Brooke: Also, the original screenplay’s ending, written by Dick Van Dyke’s grandsons, is different. Long story short, Alice finds an exit portal in a house for sale on the block, goes into it and comes out in 2050, finds out she’s been living in a simulation called “Alt-life” and has filed for divorce from Jack.

Andrea: Dear Lord.

Matthew: Seems extraneous to me! We all basically got that without all of that rigamarole.

Brooke: But wait, there’s more! She goes back into the simulation, confronts her husband and threatens to shove a broom inside of him until he relents, then she goes back to 2050 where he follows her and she stabs him in self defense.

Matthew: He survives and goes on to found One Direction. Finally, he finds the community he was looking for.

Jen: It ends with everyone yelling “the aristocrats” in unison.

Danielle: Wait, what happens next! I’m hooked.

Brooke: Alice wakes up in 1950, the hospital tells her she killed her husband and is delusional because she was yelling about a future where women are empowered.

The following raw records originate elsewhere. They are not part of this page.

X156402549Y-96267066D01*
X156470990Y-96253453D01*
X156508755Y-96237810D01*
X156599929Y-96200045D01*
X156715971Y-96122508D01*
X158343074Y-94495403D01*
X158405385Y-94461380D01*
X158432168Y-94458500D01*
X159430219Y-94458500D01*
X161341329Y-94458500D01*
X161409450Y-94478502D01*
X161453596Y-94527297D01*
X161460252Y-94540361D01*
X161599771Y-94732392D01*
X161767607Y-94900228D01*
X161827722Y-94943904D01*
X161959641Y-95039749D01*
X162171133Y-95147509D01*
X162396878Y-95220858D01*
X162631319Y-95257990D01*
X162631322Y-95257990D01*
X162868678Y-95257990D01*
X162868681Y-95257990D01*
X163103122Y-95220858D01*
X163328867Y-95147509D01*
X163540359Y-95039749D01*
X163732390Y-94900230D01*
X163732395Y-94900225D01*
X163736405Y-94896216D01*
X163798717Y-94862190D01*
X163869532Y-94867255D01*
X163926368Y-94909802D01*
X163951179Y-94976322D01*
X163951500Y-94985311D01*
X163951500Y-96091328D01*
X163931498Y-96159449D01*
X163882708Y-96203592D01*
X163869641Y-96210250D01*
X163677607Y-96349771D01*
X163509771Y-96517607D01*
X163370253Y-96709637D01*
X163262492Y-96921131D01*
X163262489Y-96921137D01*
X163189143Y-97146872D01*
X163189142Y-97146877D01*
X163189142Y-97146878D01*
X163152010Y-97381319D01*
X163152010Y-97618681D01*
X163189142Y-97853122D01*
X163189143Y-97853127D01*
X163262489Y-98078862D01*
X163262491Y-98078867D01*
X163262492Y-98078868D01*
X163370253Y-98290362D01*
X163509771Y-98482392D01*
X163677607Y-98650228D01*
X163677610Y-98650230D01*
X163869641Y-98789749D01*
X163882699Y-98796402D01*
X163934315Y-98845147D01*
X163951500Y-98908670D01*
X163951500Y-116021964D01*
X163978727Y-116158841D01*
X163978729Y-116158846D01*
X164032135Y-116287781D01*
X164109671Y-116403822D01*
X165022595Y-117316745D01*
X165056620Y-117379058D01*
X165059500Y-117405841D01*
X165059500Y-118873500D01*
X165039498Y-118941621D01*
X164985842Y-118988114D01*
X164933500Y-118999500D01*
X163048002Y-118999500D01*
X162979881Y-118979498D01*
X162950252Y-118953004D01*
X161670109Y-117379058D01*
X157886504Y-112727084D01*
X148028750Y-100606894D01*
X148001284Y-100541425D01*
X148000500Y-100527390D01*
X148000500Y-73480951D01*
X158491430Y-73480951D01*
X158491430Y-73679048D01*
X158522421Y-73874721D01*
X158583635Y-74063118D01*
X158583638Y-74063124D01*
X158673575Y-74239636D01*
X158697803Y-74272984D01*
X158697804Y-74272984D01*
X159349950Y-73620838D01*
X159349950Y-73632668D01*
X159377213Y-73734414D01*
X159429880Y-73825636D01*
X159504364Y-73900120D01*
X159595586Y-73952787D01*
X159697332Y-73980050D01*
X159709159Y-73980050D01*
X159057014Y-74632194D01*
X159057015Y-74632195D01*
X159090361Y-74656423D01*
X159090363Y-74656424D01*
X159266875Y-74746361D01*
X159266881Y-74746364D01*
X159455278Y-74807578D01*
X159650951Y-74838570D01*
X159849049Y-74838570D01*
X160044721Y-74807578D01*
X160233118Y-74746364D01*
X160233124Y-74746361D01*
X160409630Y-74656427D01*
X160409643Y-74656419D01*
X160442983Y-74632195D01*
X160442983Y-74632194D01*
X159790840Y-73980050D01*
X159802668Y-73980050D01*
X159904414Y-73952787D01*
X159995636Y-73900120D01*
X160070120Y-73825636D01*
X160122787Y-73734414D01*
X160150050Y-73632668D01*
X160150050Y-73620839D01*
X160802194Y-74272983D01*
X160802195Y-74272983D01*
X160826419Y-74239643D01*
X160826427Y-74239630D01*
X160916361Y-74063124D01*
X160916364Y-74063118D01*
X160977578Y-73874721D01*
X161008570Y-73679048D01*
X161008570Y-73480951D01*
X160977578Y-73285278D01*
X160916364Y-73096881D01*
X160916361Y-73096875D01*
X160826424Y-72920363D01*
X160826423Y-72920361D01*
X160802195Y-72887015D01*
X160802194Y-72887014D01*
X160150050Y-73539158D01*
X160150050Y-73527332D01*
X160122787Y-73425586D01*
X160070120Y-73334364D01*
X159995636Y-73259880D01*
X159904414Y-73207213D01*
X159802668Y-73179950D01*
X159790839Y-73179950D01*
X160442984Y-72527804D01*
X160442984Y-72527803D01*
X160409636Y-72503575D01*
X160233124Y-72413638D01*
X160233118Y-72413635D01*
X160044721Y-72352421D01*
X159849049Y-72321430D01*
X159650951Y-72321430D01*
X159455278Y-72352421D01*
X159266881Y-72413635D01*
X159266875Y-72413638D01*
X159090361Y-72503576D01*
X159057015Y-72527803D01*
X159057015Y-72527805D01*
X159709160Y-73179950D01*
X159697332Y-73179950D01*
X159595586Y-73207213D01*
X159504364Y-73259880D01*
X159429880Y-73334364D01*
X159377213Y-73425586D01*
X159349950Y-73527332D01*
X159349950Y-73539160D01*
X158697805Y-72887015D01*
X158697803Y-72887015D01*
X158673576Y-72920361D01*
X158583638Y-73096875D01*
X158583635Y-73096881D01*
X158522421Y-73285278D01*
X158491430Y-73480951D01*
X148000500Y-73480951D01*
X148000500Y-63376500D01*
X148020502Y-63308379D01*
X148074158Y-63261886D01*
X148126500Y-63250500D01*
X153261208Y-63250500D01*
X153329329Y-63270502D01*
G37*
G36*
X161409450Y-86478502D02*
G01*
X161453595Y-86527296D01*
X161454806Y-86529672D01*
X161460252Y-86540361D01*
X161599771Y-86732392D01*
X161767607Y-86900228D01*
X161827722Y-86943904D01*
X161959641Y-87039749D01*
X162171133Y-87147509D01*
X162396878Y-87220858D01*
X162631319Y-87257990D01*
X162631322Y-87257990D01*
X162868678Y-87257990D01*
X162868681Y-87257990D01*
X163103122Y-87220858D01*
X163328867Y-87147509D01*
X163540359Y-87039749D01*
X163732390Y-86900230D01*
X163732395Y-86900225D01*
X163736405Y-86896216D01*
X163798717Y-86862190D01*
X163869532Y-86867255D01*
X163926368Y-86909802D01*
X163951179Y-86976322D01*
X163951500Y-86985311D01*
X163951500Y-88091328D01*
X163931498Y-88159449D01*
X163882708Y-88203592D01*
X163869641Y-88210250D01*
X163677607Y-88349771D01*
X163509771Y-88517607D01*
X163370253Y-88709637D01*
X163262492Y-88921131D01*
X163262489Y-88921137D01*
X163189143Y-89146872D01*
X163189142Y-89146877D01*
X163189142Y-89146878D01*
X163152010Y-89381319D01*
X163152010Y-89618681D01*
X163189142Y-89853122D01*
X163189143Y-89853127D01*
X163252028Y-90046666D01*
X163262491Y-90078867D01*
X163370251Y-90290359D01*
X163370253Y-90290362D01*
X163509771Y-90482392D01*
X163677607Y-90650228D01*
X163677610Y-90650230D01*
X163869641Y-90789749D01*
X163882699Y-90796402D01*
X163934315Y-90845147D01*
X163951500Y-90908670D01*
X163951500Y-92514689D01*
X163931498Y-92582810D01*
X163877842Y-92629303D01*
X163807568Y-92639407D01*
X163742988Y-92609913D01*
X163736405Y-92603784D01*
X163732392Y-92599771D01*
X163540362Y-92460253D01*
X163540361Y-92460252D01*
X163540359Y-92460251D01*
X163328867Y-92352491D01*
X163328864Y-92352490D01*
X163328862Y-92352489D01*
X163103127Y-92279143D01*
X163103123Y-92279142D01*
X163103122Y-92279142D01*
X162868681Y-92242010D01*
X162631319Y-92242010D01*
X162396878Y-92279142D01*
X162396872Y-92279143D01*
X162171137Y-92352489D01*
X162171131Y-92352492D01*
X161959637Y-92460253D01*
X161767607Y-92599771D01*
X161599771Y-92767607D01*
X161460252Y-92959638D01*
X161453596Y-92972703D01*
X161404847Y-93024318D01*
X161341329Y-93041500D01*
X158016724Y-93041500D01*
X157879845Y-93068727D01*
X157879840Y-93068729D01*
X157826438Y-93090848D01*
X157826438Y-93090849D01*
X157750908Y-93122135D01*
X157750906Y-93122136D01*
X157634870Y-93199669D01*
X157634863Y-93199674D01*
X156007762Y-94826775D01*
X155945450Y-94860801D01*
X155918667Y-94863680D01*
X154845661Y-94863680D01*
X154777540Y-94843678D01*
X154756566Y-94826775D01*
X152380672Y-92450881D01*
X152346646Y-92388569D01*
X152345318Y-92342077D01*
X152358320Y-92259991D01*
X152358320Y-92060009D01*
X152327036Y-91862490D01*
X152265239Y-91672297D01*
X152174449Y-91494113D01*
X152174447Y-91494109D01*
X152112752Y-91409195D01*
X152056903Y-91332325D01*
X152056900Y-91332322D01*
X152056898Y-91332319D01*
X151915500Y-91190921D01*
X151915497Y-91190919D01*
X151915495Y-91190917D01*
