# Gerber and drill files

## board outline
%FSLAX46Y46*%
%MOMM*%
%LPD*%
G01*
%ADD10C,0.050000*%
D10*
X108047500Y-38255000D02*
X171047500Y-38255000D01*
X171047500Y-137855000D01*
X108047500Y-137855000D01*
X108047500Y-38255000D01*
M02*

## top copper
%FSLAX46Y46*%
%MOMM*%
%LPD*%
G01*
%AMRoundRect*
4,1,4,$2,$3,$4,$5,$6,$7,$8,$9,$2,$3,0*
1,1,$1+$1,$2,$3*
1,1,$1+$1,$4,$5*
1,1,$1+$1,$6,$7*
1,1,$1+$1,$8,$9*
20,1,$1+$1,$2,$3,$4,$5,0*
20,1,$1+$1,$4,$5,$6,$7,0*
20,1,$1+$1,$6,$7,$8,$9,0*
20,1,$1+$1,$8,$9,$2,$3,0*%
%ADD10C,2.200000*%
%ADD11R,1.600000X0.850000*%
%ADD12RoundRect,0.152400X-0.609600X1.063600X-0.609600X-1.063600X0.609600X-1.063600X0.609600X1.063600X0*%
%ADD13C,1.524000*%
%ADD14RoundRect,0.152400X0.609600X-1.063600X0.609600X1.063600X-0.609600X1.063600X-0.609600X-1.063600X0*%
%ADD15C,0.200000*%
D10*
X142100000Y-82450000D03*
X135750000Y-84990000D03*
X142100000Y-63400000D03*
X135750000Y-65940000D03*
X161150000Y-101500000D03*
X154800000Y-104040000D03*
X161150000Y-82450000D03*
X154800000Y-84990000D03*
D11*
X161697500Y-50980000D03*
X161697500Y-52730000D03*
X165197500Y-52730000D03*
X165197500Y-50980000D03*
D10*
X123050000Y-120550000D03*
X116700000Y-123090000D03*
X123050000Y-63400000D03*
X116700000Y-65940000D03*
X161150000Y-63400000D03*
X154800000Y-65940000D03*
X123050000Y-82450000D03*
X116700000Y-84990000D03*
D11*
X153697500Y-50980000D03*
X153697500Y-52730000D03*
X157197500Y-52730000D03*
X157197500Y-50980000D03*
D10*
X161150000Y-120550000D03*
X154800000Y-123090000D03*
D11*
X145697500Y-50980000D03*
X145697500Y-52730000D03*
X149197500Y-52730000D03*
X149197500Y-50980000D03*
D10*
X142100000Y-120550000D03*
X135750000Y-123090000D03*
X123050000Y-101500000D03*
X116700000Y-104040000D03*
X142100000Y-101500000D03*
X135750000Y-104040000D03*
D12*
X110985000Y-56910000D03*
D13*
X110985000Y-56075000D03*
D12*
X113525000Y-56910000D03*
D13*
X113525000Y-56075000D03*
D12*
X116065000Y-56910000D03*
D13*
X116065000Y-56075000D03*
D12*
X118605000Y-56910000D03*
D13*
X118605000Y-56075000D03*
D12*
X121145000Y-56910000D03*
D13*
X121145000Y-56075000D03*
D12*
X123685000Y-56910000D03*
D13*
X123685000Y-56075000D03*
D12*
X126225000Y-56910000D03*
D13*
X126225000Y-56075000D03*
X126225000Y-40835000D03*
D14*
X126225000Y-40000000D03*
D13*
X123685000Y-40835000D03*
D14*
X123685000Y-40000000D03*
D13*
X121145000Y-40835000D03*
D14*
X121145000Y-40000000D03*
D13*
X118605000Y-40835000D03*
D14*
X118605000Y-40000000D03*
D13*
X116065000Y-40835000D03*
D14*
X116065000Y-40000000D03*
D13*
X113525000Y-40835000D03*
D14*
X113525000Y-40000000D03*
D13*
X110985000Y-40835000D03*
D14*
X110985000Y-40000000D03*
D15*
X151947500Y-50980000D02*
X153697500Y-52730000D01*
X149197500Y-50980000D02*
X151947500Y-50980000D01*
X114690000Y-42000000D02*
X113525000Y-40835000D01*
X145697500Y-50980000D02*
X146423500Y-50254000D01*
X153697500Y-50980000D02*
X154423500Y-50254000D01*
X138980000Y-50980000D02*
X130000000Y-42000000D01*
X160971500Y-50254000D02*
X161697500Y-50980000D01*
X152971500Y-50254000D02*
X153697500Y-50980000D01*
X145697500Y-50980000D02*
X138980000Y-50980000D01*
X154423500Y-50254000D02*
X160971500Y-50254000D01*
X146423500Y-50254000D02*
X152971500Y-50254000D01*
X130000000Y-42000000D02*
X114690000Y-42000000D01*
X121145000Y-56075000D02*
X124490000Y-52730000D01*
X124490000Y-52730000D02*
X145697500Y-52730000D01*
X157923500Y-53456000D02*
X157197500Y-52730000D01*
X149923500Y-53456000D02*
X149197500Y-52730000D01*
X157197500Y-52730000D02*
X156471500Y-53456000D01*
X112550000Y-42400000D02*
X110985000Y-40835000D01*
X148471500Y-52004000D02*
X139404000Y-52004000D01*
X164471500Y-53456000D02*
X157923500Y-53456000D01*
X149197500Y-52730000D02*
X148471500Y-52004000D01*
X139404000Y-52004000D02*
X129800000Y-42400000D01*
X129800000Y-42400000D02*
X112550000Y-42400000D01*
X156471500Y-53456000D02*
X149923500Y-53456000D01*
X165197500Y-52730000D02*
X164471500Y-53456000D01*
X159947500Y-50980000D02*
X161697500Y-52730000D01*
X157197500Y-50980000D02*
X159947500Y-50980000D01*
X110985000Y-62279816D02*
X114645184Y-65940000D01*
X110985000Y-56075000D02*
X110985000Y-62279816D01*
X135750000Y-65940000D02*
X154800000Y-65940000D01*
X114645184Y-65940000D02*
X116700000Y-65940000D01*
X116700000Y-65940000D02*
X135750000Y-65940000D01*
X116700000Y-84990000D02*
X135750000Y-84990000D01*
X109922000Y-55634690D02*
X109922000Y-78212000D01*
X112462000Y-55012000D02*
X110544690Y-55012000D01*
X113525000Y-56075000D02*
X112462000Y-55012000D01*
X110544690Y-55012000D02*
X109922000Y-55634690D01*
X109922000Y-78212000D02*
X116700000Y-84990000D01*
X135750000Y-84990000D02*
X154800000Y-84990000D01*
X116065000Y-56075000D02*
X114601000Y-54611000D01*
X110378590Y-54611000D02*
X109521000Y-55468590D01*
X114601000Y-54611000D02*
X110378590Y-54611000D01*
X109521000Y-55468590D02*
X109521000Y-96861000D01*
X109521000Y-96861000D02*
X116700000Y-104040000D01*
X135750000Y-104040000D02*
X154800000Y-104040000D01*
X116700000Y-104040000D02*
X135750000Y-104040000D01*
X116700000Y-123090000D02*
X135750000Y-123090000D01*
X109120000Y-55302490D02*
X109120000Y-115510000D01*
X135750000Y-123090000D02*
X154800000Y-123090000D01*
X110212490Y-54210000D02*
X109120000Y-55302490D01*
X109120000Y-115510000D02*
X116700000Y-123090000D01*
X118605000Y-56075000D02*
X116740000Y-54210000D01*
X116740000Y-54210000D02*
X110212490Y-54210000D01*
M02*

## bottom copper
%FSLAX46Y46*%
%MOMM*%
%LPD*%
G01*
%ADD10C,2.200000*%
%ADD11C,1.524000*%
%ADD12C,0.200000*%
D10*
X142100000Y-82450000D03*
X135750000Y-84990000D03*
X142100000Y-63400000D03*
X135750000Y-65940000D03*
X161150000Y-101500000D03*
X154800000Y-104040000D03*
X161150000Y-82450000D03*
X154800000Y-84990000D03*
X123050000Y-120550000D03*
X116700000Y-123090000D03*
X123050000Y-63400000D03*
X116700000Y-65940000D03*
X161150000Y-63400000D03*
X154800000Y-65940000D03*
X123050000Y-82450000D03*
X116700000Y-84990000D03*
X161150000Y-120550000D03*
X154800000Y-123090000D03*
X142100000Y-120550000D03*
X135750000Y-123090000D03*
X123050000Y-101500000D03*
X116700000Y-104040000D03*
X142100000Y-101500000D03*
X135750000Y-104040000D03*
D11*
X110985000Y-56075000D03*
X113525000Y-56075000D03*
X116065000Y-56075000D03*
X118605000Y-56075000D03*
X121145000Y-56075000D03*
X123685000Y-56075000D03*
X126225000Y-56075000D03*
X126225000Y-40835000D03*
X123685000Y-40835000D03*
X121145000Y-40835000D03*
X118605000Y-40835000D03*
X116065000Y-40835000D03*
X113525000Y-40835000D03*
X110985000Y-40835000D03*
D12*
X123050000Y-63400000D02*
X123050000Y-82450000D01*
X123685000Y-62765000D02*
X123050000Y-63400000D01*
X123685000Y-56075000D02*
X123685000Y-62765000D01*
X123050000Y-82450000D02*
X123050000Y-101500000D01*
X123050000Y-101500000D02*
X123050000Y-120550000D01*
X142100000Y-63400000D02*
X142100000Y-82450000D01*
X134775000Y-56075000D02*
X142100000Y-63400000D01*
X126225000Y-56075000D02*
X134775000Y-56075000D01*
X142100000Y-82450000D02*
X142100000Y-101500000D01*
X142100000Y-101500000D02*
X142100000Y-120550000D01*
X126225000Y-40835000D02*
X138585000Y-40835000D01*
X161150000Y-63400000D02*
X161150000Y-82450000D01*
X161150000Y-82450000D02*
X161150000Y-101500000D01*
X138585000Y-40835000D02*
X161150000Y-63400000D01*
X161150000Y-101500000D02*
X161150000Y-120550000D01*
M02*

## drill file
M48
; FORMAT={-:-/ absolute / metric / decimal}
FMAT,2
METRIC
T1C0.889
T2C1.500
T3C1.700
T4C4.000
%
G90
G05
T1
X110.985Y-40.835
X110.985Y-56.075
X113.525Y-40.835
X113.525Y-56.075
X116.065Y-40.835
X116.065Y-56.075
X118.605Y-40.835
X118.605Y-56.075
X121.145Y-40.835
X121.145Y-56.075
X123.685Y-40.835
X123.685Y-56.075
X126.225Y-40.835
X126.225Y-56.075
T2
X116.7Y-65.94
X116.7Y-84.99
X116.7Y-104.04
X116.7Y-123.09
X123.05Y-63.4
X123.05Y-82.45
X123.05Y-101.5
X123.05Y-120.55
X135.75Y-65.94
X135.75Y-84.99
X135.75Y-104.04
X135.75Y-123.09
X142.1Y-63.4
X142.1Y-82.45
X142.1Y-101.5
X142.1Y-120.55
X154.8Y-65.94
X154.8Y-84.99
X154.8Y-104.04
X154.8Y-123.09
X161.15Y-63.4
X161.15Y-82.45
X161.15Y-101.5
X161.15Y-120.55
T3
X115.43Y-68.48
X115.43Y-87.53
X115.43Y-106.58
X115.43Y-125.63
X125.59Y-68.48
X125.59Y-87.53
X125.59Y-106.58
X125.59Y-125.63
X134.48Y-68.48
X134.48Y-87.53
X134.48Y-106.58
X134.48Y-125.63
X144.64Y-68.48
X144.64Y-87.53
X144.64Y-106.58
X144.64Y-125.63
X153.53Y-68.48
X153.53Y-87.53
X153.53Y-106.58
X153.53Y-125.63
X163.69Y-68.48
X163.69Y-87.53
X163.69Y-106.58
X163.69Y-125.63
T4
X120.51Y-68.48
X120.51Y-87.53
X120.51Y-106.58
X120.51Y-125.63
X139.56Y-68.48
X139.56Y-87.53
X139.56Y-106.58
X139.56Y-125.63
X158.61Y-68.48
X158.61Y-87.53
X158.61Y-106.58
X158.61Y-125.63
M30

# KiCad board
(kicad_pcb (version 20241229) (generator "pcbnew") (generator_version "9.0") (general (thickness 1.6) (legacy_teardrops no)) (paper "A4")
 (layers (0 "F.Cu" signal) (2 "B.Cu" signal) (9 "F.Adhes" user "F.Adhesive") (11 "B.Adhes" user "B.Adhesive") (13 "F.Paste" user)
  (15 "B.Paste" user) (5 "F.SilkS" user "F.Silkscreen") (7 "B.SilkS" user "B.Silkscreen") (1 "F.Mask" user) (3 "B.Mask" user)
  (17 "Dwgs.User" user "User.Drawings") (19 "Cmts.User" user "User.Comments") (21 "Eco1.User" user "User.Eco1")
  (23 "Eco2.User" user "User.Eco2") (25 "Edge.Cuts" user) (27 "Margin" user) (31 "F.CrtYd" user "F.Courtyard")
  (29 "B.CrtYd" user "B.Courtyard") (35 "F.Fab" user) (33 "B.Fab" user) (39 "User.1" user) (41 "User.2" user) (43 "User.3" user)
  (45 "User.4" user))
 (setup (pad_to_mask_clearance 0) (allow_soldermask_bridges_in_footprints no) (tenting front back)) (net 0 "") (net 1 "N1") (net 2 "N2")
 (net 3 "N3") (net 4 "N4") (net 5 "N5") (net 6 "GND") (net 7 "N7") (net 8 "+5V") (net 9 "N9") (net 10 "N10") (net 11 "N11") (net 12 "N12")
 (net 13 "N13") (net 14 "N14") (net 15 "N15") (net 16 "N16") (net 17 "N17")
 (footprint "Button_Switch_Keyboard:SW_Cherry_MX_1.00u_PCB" (layer "F.Cu") (at 142.1 82.45)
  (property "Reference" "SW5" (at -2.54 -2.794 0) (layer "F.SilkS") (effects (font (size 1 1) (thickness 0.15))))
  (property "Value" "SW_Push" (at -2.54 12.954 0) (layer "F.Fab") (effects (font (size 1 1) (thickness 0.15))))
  (pad "" np_thru_hole circle (at -7.62 5.08) (size 1.7 1.7) (drill 1.7) (layers "*.Cu" "*.Mask"))
  (pad "" np_thru_hole circle (at -2.54 5.08) (size 4 4) (drill 4) (layers "*.Cu" "*.Mask"))
  (pad "" np_thru_hole circle (at 2.54 5.08) (size 1.7 1.7) (drill 1.7) (layers "*.Cu" "*.Mask"))
  (pad "1" thru_hole circle (at 0 0) (size 2.2 2.2) (drill 1.5) (layers "*.Cu" "*.Mask") (remove_unused_layers no) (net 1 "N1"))
  (pad "2" thru_hole circle (at -6.35 2.54) (size 2.2 2.2) (drill 1.5) (layers "*.Cu" "*.Mask") (remove_unused_layers no) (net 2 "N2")))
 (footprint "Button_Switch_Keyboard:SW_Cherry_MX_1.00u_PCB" (layer "F.Cu") (at 142.1 63.4)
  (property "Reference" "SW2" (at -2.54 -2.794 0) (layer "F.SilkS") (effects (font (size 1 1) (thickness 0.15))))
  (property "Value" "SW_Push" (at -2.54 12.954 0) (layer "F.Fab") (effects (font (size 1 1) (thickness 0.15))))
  (pad "" np_thru_hole circle (at -7.62 5.08) (size 1.7 1.7) (drill 1.7) (layers "*.Cu" "*.Mask"))
  (pad "" np_thru_hole circle (at -2.54 5.08) (size 4 4) (drill 4) (layers "*.Cu" "*.Mask"))
  (pad "" np_thru_hole circle (at 2.54 5.08) (size 1.7 1.7) (drill 1.7) (layers "*.Cu" "*.Mask"))
  (pad "1" thru_hole circle (at 0 0) (size 2.2 2.2) (drill 1.5) (layers "*.Cu" "*.Mask") (remove_unused_layers no) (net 1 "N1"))
  (pad "2" thru_hole circle (at -6.35 2.54) (size 2.2 2.2) (drill 1.5) (layers "*.Cu" "*.Mask") (remove_unused_layers no) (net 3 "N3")))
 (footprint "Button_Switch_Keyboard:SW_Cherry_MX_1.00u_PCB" (layer "F.Cu") (at 161.15 101.5)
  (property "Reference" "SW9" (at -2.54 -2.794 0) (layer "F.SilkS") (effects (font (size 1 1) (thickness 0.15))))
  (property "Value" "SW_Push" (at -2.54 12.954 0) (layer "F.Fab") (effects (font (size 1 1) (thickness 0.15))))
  (pad "" np_thru_hole circle (at -7.62 5.08) (size 1.7 1.7) (drill 1.7) (layers "*.Cu" "*.Mask"))
  (pad "" np_thru_hole circle (at -2.54 5.08) (size 4 4) (drill 4) (layers "*.Cu" "*.Mask"))
  (pad "" np_thru_hole circle (at 2.54 5.08) (size 1.7 1.7) (drill 1.7) (layers "*.Cu" "*.Mask"))
  (pad "1" thru_hole circle (at 0 0) (size 2.2 2.2) (drill 1.5) (layers "*.Cu" "*.Mask") (remove_unused_layers no) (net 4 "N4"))
  (pad "2" thru_hole circle (at -6.35 2.54) (size 2.2 2.2) (drill 1.5) (layers "*.Cu" "*.Mask") (remove_unused_layers no) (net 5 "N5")))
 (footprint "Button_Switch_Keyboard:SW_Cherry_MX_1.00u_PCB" (layer "F.Cu") (at 161.15 82.45)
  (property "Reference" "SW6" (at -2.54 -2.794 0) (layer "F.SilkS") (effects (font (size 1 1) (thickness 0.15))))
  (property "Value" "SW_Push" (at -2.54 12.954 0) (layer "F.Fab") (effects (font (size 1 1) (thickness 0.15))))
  (pad "" np_thru_hole circle (at -7.62 5.08) (size 1.7 1.7) (drill 1.7) (layers "*.Cu" "*.Mask"))
  (pad "" np_thru_hole circle (at -2.54 5.08) (size 4 4) (drill 4) (layers "*.Cu" "*.Mask"))
  (pad "" np_thru_hole circle (at 2.54 5.08) (size 1.7 1.7) (drill 1.7) (layers "*.Cu" "*.Mask"))
  (pad "1" thru_hole circle (at 0 0) (size 2.2 2.2) (drill 1.5) (layers "*.Cu" "*.Mask") (remove_unused_layers no) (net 4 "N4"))
  (pad "2" thru_hole circle (at -6.35 2.54) (size 2.2 2.2) (drill 1.5) (layers "*.Cu" "*.Mask") (remove_unused_layers no) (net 2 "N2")))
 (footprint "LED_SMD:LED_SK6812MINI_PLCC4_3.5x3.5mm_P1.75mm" (layer "F.Cu") (at 163.4475 51.855)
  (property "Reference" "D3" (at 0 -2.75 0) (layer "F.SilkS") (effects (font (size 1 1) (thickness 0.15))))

Then Bunny comes to visit her at the institution, and whispers that there’s another exit portal, which Alice walks toward to go back to 2050, I guess.

Matthew: My main takeaway on this movie is it’s doing Too Much. And I apparently only saw the 50 percent version!

Brooke: This movie is definitely doing Too Much, yet I do think it has cult-classic energy. I had fun with it. Style over substance …

Jen: I would watch a four-hour Zack Snyder–cut version of this.

Matthew: I still enjoyed it! And I think if it wasn’t by an O.C. actress named Olivia Wilde who ran away with a pop star and all the rest, we would all be like, Fun! B/B+.

Andrea: Mid is fine and can be thoroughly enjoyed! Not everything has to be award worthy.

Jen: It was fine, better with a cocktail, best to not ever think about it again.

Danielle: I felt set up for a sequel with Gemma Chan.

Danya: I would watch a sequel where the women revolt and try and overhaul the men to escape. It was joyful to watch with a theater of mostly women giggling together.

Olivia: I really hope all this drama doesn’t keep Olivia Wilde from making more films. Chris Pine should play more handsome creeps.

Brooke: If one thing can be said about this movie, it’s that it was definitely a movie.